╭─ Data for this exercise

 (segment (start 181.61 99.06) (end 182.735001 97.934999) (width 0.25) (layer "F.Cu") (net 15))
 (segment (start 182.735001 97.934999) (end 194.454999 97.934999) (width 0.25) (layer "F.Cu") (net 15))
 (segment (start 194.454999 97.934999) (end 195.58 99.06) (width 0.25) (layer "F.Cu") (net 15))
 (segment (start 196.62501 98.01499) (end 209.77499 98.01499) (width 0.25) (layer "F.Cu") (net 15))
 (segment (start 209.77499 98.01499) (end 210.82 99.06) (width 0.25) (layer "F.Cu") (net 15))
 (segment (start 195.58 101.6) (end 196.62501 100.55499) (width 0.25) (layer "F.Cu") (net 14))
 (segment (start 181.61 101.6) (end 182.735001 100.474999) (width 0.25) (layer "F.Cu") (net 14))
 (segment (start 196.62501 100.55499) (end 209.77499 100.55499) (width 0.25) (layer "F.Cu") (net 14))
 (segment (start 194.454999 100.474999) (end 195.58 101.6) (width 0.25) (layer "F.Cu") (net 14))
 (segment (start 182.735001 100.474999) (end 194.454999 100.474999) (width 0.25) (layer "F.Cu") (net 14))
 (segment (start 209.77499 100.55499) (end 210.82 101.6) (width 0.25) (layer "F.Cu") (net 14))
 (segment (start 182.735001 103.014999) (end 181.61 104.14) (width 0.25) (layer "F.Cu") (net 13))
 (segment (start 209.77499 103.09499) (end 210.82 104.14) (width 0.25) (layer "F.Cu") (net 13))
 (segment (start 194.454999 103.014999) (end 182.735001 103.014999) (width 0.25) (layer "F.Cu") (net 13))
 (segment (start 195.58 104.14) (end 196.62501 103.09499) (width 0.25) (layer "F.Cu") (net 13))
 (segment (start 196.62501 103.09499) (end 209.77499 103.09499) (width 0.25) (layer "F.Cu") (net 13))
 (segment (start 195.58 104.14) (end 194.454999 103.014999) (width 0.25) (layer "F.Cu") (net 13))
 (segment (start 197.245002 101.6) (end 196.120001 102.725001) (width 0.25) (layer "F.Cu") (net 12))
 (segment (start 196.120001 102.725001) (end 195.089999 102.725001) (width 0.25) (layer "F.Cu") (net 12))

╰─
╭─ Data for this exercise

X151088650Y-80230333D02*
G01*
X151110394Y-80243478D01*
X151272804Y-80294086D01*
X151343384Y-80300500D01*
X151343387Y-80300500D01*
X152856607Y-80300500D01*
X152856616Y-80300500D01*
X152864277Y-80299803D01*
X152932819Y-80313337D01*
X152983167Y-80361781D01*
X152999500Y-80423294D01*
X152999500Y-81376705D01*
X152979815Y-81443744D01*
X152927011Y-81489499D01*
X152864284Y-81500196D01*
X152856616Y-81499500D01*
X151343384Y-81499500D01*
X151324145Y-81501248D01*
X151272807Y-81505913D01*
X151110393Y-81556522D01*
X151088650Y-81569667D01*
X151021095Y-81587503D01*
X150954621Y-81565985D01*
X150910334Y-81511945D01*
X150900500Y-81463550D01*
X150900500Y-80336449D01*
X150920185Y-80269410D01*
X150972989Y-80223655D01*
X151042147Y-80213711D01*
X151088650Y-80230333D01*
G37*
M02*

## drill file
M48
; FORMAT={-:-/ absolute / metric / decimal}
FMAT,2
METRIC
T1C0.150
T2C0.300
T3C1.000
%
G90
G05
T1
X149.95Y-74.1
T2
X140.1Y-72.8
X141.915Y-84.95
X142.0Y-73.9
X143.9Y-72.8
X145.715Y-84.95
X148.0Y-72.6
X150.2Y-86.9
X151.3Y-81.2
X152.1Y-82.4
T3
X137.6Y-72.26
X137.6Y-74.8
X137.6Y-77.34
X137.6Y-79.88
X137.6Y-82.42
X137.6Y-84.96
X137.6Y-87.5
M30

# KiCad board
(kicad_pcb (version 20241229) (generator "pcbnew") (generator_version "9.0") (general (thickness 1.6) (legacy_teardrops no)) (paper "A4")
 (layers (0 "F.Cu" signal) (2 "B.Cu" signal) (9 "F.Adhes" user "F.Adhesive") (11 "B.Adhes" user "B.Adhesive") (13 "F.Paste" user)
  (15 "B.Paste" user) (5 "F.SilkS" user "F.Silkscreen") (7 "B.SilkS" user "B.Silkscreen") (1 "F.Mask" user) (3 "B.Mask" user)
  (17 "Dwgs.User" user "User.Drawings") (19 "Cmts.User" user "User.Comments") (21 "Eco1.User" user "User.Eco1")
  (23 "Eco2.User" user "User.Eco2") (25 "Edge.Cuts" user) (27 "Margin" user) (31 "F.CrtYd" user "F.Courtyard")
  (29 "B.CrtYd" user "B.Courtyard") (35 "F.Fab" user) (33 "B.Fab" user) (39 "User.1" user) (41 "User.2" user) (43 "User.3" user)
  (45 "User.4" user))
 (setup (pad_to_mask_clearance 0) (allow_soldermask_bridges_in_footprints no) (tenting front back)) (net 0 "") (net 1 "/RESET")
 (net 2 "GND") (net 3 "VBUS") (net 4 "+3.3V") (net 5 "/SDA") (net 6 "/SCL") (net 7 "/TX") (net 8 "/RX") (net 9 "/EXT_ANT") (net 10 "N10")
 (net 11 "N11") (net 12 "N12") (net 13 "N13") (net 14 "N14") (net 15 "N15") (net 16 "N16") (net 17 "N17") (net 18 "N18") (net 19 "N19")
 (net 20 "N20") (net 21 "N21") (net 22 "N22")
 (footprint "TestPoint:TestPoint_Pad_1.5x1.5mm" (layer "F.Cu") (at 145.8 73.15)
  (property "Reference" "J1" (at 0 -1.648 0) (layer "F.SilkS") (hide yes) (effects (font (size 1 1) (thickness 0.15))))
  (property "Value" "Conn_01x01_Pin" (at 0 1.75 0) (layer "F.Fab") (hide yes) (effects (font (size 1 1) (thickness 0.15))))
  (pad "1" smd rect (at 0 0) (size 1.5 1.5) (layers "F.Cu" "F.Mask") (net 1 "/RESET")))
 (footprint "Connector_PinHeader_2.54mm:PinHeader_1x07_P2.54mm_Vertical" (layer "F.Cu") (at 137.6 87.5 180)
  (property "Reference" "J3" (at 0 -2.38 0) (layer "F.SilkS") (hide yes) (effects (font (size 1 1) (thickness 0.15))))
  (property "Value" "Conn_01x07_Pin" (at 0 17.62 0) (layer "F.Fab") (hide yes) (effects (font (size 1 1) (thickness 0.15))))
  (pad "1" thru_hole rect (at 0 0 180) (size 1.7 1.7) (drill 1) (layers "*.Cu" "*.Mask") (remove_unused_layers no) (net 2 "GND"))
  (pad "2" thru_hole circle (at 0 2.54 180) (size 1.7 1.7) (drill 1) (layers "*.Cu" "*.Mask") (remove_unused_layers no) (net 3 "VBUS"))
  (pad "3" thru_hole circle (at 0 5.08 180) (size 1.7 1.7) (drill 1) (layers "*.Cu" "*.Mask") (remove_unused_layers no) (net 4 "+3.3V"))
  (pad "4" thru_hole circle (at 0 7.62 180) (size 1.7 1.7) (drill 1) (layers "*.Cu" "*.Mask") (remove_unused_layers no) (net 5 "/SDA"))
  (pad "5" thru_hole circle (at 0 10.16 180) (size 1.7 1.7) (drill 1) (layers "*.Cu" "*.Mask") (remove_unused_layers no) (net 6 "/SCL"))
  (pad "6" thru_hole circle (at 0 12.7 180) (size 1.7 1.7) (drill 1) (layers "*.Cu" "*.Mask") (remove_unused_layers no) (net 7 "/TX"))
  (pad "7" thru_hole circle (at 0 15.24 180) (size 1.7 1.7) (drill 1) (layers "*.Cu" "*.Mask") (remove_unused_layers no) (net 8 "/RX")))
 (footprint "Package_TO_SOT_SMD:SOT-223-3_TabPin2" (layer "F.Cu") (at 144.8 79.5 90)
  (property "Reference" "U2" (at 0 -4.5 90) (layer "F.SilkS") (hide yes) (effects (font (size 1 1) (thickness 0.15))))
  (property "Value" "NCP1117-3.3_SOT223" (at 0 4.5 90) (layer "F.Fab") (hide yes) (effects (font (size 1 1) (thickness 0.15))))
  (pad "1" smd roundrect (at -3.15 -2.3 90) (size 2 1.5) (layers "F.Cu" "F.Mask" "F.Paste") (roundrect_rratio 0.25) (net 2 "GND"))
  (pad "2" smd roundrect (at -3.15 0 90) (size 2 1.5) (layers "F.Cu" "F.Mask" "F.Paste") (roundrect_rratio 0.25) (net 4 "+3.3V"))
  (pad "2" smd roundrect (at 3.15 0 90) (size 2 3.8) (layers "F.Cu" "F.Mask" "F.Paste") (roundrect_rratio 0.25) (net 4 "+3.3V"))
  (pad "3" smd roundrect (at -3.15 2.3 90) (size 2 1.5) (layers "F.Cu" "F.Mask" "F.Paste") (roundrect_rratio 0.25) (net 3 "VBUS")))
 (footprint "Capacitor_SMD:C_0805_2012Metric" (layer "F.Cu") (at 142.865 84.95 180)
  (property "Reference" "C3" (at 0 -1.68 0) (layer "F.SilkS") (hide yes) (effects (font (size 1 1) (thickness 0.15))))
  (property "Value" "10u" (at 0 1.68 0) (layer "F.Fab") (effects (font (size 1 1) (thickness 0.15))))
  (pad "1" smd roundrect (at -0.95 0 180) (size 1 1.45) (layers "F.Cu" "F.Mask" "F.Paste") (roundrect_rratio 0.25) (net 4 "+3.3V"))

╰─

- _Aim of the task_
Out of the data above, set down the lines from the one with "X151110393Y-81556522D01*" to the one with "# KiCad board", both included, exactly as written and with no additions.

- _Task output_
X151110393Y-81556522D01*
X151088650Y-81569667D01*
X151021095Y-81587503D01*
X150954621Y-81565985D01*
X150910334Y-81511945D01*
X150900500Y-81463550D01*
X150900500Y-80336449D01*
X150920185Y-80269410D01*
X150972989Y-80223655D01*
X151042147Y-80213711D01*
X151088650Y-80230333D01*
G37*
M02*

## drill file
M48
; FORMAT={-:-/ absolute / metric / decimal}
FMAT,2
METRIC
T1C0.150
T2C0.300
T3C1.000
%
G90
G05
T1
X149.95Y-74.1
T2
X140.1Y-72.8
X141.915Y-84.95
X142.0Y-73.9
X143.9Y-72.8
X145.715Y-84.95
X148.0Y-72.6
X150.2Y-86.9
X151.3Y-81.2
X152.1Y-82.4
T3
X137.6Y-72.26
X137.6Y-74.8
X137.6Y-77.34
X137.6Y-79.88
X137.6Y-82.42
X137.6Y-84.96
X137.6Y-87.5
M30

# KiCad board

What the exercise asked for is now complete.